Le Niger exhorte les Etats Unis d’Amérique et Cuba à persévérer dans le dialogue constructif entrepris entre les deux pays et jusqu’à la normalisation des relations et la levée totale de l’embargo. La question du désarmement est une question capitale. Elle mérite une attention toute particulière en vue de renforcer la confiance entre Etats. Le Niger appuie fortement les actions entreprises par l’ONU en vue de parvenir à un désarmement général et complet tant au niveau des armes de destruction massive que des armes classiques ».

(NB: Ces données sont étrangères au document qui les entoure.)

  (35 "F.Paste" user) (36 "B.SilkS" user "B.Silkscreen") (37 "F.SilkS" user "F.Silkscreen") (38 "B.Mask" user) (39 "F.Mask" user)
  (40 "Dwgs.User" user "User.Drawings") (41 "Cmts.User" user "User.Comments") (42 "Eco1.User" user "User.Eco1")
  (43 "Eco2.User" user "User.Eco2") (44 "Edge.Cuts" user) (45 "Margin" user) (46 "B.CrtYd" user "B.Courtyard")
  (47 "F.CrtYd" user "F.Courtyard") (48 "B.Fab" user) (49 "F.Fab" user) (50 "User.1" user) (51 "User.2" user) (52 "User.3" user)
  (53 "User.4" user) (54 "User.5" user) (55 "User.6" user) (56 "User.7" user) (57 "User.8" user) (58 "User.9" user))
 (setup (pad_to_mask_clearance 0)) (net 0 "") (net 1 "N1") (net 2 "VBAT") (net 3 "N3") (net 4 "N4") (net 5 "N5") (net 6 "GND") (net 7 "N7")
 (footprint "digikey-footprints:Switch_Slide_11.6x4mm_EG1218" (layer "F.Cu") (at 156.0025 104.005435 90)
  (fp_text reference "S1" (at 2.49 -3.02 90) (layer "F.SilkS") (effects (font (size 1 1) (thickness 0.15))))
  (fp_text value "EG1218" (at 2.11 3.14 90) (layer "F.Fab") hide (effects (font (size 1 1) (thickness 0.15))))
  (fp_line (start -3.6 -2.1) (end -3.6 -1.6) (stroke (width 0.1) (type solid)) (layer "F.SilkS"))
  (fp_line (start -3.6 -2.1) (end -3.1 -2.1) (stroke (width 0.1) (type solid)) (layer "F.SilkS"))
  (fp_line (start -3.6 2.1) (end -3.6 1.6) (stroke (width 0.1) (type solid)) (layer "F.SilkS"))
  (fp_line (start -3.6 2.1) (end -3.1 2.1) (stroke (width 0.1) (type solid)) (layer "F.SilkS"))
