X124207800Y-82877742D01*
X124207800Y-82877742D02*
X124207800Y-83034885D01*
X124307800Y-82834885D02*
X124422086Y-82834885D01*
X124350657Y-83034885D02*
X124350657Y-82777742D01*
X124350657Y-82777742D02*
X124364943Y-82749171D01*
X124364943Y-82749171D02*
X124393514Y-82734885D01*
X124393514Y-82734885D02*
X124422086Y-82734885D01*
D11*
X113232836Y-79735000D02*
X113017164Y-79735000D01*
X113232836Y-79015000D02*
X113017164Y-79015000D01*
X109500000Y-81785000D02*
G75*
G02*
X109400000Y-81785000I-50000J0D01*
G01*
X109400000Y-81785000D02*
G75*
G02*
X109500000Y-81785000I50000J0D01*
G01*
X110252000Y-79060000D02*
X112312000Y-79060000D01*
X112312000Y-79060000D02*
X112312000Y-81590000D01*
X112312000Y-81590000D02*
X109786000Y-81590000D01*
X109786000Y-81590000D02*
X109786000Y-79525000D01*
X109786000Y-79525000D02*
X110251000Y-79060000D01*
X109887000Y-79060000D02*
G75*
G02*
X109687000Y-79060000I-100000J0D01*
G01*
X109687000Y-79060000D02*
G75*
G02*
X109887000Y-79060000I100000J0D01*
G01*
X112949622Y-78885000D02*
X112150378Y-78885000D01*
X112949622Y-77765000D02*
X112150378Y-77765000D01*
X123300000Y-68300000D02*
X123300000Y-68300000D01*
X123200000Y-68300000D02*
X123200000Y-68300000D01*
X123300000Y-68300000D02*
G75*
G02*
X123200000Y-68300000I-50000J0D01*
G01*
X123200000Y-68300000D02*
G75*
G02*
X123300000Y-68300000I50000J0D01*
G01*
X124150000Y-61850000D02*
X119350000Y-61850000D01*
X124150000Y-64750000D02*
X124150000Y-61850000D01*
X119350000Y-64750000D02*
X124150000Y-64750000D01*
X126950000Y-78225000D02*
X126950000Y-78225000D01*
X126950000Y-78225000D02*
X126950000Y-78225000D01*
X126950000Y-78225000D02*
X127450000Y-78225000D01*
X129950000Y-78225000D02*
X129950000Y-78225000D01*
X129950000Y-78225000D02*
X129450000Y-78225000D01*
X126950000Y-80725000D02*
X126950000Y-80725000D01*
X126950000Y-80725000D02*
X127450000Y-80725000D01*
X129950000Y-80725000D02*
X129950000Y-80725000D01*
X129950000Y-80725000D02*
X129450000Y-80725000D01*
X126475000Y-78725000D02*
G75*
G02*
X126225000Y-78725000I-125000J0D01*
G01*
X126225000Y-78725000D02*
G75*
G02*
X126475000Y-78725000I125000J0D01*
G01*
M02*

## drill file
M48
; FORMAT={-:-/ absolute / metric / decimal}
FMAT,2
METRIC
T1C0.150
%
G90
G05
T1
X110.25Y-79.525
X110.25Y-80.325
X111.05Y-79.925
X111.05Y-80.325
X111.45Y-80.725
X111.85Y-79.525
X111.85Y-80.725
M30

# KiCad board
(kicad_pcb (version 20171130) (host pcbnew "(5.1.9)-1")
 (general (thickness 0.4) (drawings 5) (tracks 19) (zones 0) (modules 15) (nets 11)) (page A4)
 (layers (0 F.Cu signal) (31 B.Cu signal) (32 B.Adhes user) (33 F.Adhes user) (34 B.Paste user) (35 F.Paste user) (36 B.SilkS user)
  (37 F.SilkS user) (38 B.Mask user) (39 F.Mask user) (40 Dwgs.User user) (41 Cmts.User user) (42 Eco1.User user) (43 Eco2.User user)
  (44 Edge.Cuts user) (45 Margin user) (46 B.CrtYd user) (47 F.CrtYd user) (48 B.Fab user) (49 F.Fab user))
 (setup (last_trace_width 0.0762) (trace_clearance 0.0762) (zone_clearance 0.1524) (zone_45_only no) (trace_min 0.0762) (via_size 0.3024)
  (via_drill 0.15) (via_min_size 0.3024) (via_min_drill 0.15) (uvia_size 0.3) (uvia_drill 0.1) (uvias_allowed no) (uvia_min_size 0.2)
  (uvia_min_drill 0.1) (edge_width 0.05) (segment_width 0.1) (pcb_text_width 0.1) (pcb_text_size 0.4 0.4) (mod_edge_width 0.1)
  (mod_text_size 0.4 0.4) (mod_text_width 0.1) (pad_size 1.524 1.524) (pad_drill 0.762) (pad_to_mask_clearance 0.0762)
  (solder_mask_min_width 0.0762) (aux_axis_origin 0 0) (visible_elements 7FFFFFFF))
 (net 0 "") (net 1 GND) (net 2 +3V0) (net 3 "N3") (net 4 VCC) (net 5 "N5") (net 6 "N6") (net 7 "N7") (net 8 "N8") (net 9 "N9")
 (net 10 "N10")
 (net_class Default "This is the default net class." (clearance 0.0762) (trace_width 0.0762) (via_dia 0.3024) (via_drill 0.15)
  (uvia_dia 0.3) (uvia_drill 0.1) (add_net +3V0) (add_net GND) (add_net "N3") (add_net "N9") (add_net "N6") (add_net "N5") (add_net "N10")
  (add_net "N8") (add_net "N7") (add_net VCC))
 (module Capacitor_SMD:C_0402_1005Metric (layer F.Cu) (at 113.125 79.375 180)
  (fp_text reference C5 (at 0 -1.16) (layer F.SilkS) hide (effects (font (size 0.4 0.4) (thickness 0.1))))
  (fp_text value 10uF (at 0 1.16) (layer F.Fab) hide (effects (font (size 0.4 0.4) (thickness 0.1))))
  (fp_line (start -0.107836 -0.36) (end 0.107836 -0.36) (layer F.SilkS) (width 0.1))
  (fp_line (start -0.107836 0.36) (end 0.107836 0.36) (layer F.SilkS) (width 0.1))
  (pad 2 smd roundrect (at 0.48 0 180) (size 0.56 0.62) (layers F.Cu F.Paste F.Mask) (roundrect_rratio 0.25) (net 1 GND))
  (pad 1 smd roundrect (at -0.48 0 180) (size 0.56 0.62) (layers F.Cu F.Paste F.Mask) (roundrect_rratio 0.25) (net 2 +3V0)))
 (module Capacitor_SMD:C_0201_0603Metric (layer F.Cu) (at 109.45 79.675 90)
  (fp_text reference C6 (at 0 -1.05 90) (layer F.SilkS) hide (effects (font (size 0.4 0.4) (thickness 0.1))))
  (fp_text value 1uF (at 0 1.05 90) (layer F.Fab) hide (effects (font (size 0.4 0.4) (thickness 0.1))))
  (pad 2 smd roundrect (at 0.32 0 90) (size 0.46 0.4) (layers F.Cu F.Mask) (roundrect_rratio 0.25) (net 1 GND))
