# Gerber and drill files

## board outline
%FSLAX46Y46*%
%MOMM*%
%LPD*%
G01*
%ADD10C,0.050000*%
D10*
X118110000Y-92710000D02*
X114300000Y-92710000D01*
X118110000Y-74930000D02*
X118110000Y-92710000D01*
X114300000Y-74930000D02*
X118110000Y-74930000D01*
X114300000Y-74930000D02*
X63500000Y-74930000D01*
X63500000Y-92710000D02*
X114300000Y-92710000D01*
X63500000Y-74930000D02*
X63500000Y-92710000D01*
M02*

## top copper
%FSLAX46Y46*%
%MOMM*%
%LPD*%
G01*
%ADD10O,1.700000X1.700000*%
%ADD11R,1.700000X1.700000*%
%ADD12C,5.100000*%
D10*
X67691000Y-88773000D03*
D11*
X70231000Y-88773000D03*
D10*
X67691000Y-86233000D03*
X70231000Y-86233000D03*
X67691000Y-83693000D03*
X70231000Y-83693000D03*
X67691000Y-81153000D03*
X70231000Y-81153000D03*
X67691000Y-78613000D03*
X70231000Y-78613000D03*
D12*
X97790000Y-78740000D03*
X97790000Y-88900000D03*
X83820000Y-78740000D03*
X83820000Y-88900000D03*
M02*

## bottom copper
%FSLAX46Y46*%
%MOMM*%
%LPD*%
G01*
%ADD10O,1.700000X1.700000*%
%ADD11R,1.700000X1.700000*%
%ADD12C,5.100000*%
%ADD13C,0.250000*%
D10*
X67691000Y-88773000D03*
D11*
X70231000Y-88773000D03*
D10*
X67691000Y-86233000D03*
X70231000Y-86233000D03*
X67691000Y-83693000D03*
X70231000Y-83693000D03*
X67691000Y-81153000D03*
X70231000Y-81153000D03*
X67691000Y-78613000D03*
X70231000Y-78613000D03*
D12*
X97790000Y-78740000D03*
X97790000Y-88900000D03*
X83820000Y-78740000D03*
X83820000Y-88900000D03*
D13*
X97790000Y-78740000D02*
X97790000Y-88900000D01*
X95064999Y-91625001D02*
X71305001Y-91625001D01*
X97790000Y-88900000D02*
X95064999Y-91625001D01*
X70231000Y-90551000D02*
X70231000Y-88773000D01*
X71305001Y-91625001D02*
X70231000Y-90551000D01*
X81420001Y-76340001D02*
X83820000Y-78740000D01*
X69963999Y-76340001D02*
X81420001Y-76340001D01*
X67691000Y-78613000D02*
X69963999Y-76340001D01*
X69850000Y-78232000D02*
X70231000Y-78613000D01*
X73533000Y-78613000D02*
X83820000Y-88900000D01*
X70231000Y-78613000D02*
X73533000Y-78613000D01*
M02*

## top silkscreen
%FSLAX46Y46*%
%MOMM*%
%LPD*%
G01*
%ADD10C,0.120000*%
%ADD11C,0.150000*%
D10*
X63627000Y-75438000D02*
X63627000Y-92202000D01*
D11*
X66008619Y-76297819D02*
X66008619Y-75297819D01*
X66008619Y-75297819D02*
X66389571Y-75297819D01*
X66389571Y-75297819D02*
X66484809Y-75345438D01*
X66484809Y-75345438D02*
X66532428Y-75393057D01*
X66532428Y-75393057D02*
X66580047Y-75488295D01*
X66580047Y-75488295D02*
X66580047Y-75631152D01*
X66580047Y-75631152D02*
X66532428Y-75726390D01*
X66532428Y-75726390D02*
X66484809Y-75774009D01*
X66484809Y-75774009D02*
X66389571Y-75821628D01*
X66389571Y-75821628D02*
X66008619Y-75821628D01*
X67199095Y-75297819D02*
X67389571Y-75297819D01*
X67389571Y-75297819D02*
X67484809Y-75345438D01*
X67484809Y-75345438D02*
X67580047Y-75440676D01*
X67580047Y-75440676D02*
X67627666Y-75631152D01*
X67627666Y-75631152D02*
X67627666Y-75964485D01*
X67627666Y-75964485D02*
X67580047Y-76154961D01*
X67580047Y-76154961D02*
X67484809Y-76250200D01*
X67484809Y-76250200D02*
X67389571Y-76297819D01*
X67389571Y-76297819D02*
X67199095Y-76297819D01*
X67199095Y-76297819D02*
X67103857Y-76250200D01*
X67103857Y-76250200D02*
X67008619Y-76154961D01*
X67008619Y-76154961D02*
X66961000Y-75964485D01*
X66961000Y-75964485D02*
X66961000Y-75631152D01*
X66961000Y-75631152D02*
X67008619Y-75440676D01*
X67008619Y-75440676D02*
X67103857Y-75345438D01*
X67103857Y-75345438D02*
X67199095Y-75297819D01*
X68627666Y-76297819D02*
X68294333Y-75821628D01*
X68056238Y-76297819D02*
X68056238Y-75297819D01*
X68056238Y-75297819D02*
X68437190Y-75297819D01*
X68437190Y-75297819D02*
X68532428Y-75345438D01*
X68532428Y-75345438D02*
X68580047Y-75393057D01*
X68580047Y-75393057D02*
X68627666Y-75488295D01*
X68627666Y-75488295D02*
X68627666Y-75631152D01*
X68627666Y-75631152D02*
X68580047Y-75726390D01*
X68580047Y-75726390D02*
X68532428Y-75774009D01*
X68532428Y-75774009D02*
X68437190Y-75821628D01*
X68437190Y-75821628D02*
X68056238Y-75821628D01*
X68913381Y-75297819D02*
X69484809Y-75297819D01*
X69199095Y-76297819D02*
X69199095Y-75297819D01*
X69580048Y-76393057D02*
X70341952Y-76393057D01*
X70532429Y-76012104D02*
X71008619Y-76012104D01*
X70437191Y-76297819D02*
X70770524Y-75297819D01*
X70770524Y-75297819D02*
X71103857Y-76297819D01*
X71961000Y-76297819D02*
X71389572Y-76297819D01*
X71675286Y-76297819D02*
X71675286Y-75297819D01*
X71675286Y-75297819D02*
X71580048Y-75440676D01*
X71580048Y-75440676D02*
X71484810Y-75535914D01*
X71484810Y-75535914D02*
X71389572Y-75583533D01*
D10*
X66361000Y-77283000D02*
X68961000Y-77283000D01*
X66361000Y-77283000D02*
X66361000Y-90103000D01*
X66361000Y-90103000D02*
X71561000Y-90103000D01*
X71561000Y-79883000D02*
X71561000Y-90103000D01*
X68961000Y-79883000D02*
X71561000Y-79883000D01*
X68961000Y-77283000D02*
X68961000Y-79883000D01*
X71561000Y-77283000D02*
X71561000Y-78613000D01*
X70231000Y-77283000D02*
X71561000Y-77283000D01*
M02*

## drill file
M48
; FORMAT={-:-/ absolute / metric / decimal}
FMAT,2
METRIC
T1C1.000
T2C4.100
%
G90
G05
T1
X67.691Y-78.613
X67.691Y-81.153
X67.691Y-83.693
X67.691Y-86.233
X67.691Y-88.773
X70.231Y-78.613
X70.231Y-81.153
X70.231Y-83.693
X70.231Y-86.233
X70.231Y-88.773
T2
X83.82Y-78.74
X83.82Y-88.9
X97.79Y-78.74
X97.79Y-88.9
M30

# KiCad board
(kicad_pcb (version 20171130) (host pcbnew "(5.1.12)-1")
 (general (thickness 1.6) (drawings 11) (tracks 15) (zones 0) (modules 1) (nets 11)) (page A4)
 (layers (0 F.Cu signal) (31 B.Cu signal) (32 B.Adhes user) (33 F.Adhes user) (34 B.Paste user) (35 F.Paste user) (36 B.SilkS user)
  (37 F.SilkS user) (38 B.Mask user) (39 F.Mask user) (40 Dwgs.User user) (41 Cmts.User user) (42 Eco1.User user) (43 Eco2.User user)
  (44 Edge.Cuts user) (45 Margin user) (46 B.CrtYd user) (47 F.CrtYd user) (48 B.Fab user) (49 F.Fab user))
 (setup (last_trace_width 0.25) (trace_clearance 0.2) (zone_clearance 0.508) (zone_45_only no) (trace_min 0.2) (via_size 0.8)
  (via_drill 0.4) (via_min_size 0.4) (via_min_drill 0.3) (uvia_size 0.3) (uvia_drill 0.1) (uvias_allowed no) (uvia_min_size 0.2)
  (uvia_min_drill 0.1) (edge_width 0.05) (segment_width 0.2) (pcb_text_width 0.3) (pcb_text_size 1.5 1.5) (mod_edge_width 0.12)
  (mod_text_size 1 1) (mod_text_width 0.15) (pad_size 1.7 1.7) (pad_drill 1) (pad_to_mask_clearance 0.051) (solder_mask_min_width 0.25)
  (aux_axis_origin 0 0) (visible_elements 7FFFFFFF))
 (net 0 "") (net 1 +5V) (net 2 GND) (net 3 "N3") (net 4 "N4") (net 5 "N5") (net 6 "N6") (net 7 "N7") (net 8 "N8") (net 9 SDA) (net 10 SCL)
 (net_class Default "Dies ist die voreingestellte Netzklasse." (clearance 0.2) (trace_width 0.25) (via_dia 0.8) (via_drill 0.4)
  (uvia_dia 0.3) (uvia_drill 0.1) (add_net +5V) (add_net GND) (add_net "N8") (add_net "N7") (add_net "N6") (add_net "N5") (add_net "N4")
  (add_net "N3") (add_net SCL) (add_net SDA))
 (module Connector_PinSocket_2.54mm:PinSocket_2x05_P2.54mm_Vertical (layer F.Cu) (at 70.231 78.613)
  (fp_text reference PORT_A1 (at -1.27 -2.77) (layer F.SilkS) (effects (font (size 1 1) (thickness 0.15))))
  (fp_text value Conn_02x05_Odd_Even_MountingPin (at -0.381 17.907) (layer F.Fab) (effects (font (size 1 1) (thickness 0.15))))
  (fp_line (start -3.87 -1.33) (end -1.27 -1.33) (layer F.SilkS) (width 0.12))
  (fp_line (start -3.87 -1.33) (end -3.87 11.49) (layer F.SilkS) (width 0.12))
  (fp_line (start -3.87 11.49) (end 1.33 11.49) (layer F.SilkS) (width 0.12))
  (fp_line (start 1.33 1.27) (end 1.33 11.49) (layer F.SilkS) (width 0.12))
  (fp_line (start -1.27 1.27) (end 1.33 1.27) (layer F.SilkS) (width 0.12))
  (fp_line (start -1.27 -1.33) (end -1.27 1.27) (layer F.SilkS) (width 0.12))
  (fp_line (start 1.33 -1.33) (end 1.33 0) (layer F.SilkS) (width 0.12))
  (fp_line (start 0 -1.33) (end 1.33 -1.33) (layer F.SilkS) (width 0.12))
  (pad 10 thru_hole oval (at -2.54 10.16) (size 1.7 1.7) (drill 1) (layers *.Cu *.Mask) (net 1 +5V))
  (pad 9 thru_hole rect (at 0 10.16) (size 1.7 1.7) (drill 1) (layers *.Cu *.Mask) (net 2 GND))
  (pad 8 thru_hole oval (at -2.54 7.62) (size 1.7 1.7) (drill 1) (layers *.Cu *.Mask) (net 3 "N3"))
  (pad 7 thru_hole oval (at 0 7.62) (size 1.7 1.7) (drill 1) (layers *.Cu *.Mask) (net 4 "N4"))
  (pad 6 thru_hole oval (at -2.54 5.08) (size 1.7 1.7) (drill 1) (layers *.Cu *.Mask) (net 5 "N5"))
  (pad 5 thru_hole oval (at 0 5.08) (size 1.7 1.7) (drill 1) (layers *.Cu *.Mask) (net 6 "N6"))
  (pad 4 thru_hole oval (at -2.54 2.54) (size 1.7 1.7) (drill 1) (layers *.Cu *.Mask) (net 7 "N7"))
  (pad 3 thru_hole oval (at 0 2.54) (size 1.7 1.7) (drill 1) (layers *.Cu *.Mask) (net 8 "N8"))
  (pad 2 thru_hole oval (at -2.54 0) (size 1.7 1.7) (drill 1) (layers *.Cu *.Mask) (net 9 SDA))
  (pad 1 thru_hole oval (at 0 0) (size 1.7 1.7) (drill 1) (layers *.Cu *.Mask) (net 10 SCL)))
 (gr_line (start 118.11 92.71) (end 114.3 92.71) (layer Edge.Cuts) (width 0.05))
 (gr_line (start 118.11 74.93) (end 118.11 92.71) (layer Edge.Cuts) (width 0.05))
 (gr_line (start 114.3 74.93) (end 118.11 74.93) (layer Edge.Cuts) (width 0.05))
 (gr_line (start 114.3 74.93) (end 63.5 74.93) (layer Edge.Cuts) (width 0.05))
 (gr_line (start 63.5 92.71) (end 114.3 92.71) (layer Edge.Cuts) (width 0.05))
 (gr_line (start 63.5 74.93) (end 63.5 92.71) (layer Edge.Cuts) (width 0.05))
 (gr_line (start 63.627 75.438) (end 63.627 92.202) (layer F.SilkS) (width 0.12))
 (via (at 97.79 78.74) (size 5.1) (drill 4.1) (layers F.Cu B.Cu) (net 2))
 (via (at 97.79 88.9) (size 5.1) (drill 4.1) (layers F.Cu B.Cu) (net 2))
 (segment (start 97.79 78.74) (end 97.79 88.9) (width 0.25) (layer B.Cu) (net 2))
 (segment (start 95.064999 91.625001) (end 71.305001 91.625001) (width 0.25) (layer B.Cu) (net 2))
 (segment (start 97.79 88.9) (end 95.064999 91.625001) (width 0.25) (layer B.Cu) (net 2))
 (segment (start 70.231 90.551) (end 70.231 88.773) (width 0.25) (layer B.Cu) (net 2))
 (segment (start 71.305001 91.625001) (end 70.231 90.551) (width 0.25) (layer B.Cu) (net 2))
 (via (at 83.82 78.74) (size 5.1) (drill 4.1) (layers F.Cu B.Cu) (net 9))
 (segment (start 81.420001 76.340001) (end 83.82 78.74) (width 0.25) (layer B.Cu) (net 9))
 (segment (start 69.963999 76.340001) (end 81.420001 76.340001) (width 0.25) (layer B.Cu) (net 9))
 (segment (start 67.691 78.613) (end 69.963999 76.340001) (width 0.25) (layer B.Cu) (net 9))
 (via (at 83.82 88.9) (size 5.1) (drill 4.1) (layers F.Cu B.Cu) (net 10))
 (segment (start 69.85 78.232) (end 70.231 78.613) (width 0.25) (layer B.Cu) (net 10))
 (segment (start 73.533 78.613) (end 83.82 88.9) (width 0.25) (layer B.Cu) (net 10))
 (segment (start 70.231 78.613) (end 73.533 78.613) (width 0.25) (layer B.Cu) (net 10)))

Il a également rappelé le contexte particulier de la tenue de la présente session marqué par la dégradation de la situation sécuritaire pour certains, et tout récemment, par les destructions occasionnées par les cyclones dans d’autres Etats membres. « A ces pays affectés, je voudrais réitérer ici notre solidarité et notre compassion. Pour ceux qui auraient eu la faiblesse de l’oublier ou de le négliger, la nature nous a rappelé qu’elle pouvait souvent être indomptable et démontré que le changement climatique pourrait être, par moments, porteur de catastrophe et de pertes irrémédiables.
Nous devons donc prendre conscience et nous convaincre définitivement que de nouvelles normes de production et de consommation s’imposent à nous ». Avant de conclure son importante allocution, le Ministre Ibrahim Yacoubou a demandé avec insistance à l’Assemblée de se pencher sur la question cruciale de la réforme des organes des Nations Unies. Pour lui, en effet, « les défis nouveaux et multiples générés tant par la mondialisation que par les profonds bouleversements et transformations qui ont affecté les relations internationales depuis des décennies, la nécessité de tenir compte des nouvelles dimensions géopolitiques, notamment s’agissant de l’Afrique exigent que nous abordions la question cruciale de la réforme des organes des Nations Unies.
Conformément à la position commune d’Ezulwini, le Niger demande que la composition du Conseil de Sécurité soit reformée, que l’Assemblée Générale soit revitalisée, les Nations Unies doivent rester une organisation démocratique qui consacre l’égalité souveraine des Etats et non une organisation à étages où les droits sont différenciés entre les puissants et les faibles ».
Pour conclure mon propos devant cette auguste assemblée, je voudrais réaffirmer qu’en toute occasion et devant chaque défi, mon pays le Niger assumera toujours le rôle qui est le sien pour partout promouvoir et défendre la paix, éliminer la pauvreté et les inégalités et préserver notre environnent. Nous avons pleinement conscience des responsabilités qui sont les nôtres pour changer notre propre sort et contribuer à ce que le monde soit sûr et meilleur.
Ces responsabilités, nous les assumerons pleinement et de manière déterminée ».